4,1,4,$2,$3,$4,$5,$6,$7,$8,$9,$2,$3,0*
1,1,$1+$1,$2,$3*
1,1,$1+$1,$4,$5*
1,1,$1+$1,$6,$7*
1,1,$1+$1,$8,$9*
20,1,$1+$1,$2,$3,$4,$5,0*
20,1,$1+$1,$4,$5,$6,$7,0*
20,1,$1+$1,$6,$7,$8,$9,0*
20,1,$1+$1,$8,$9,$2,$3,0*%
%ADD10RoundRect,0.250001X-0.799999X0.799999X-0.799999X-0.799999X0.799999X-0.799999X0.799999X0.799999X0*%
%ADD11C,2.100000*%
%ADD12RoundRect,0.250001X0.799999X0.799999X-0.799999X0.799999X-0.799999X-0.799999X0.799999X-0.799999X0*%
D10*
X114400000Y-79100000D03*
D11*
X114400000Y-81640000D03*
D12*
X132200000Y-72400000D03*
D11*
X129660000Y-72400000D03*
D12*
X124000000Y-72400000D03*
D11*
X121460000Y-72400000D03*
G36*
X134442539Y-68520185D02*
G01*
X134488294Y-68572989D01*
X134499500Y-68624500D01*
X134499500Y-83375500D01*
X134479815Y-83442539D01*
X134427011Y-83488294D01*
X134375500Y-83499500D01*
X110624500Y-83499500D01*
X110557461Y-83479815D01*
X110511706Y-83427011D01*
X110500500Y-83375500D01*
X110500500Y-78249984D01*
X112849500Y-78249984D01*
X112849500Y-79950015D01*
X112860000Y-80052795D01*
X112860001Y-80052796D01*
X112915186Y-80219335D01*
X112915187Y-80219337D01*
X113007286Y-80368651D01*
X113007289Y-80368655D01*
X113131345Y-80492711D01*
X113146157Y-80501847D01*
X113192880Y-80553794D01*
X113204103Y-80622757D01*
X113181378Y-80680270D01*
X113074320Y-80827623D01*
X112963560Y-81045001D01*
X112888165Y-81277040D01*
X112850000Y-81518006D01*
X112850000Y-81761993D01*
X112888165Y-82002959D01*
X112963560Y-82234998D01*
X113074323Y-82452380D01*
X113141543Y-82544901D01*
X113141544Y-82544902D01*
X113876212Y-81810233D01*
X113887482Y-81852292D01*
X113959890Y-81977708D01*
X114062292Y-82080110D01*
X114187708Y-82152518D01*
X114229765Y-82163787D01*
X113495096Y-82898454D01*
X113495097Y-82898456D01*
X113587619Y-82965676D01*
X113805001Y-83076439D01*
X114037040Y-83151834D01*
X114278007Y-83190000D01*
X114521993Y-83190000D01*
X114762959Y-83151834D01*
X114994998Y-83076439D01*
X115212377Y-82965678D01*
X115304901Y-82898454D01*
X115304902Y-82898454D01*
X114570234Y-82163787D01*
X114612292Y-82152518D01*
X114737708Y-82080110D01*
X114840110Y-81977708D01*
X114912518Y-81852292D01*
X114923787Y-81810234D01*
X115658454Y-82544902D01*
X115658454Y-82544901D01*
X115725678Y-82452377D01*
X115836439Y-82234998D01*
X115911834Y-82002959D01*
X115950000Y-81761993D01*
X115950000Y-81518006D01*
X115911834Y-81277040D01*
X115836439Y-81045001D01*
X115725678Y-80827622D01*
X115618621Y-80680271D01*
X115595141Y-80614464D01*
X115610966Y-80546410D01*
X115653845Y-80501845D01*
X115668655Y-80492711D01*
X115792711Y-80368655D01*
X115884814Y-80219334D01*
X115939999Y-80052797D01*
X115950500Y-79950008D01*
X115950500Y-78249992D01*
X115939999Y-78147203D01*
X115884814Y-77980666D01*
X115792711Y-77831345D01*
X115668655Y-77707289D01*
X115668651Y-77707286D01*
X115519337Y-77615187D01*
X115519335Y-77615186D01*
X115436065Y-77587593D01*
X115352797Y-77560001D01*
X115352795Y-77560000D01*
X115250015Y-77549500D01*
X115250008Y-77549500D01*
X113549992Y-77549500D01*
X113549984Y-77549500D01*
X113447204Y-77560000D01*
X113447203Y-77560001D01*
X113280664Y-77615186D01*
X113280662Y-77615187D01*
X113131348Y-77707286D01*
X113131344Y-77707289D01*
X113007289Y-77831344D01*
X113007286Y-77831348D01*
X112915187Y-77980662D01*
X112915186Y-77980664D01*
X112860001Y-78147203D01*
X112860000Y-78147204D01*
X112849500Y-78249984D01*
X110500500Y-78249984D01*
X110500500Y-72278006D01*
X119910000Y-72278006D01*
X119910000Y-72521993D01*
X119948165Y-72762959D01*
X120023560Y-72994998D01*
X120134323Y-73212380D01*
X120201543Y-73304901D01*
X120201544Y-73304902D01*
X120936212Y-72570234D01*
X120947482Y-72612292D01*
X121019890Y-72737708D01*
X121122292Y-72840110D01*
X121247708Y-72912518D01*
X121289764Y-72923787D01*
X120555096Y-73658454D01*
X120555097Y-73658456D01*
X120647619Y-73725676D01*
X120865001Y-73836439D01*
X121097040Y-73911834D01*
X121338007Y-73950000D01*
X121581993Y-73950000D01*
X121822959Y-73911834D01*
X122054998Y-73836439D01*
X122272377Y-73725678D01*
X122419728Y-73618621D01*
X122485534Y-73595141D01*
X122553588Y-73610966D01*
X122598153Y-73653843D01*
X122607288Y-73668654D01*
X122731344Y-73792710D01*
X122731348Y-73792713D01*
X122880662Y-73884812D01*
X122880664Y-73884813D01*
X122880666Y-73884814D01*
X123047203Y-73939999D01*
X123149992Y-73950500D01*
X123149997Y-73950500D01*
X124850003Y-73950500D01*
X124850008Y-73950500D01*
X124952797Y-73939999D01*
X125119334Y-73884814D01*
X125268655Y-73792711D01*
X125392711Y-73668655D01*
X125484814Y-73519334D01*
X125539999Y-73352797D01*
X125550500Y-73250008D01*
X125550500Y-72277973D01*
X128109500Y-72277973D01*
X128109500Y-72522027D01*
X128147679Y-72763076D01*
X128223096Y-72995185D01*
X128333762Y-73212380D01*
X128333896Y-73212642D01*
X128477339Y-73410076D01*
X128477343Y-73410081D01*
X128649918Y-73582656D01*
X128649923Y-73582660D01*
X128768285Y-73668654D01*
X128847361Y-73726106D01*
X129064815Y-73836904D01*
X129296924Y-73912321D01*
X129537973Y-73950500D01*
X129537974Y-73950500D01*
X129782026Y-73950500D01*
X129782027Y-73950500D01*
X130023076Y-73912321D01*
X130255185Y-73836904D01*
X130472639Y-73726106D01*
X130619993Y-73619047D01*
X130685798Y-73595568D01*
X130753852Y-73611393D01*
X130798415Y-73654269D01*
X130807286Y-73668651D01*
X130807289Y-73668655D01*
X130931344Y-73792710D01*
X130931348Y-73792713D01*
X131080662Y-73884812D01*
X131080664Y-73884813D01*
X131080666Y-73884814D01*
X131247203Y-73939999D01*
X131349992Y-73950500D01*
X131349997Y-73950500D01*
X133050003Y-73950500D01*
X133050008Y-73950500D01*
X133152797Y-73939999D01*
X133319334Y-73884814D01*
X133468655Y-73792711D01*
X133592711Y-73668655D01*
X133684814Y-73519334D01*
• • •
WHAT THE EXERCISE ASKS:
Only the lines from the one containing "X125539999Y-73352797D01*" through the last line of the material should be returned, each one exactly as written.

REPLY TO THE EXERCISE:
X125539999Y-73352797D01*
X125550500Y-73250008D01*
X125550500Y-72277973D01*
X128109500Y-72277973D01*
X128109500Y-72522027D01*
X128147679Y-72763076D01*
X128223096Y-72995185D01*
X128333762Y-73212380D01*
X128333896Y-73212642D01*
X128477339Y-73410076D01*
X128477343Y-73410081D01*
X128649918Y-73582656D01*
X128649923Y-73582660D01*
X128768285Y-73668654D01*
X128847361Y-73726106D01*
X129064815Y-73836904D01*
X129296924Y-73912321D01*
X129537973Y-73950500D01*
X129537974Y-73950500D01*
X129782026Y-73950500D01*
X129782027Y-73950500D01*
X130023076Y-73912321D01*
X130255185Y-73836904D01*
X130472639Y-73726106D01*
X130619993Y-73619047D01*
X130685798Y-73595568D01*
X130753852Y-73611393D01*
X130798415Y-73654269D01*
X130807286Y-73668651D01*
X130807289Y-73668655D01*
X130931344Y-73792710D01*
X130931348Y-73792713D01*
X131080662Y-73884812D01*
X131080664Y-73884813D01*
X131080666Y-73884814D01*
X131247203Y-73939999D01*
X131349992Y-73950500D01*
X131349997Y-73950500D01*
X133050003Y-73950500D01*
X133050008Y-73950500D01*
X133152797Y-73939999D01*
X133319334Y-73884814D01*
X133468655Y-73792711D01*
X133592711Y-73668655D01*
X133684814Y-73519334D01*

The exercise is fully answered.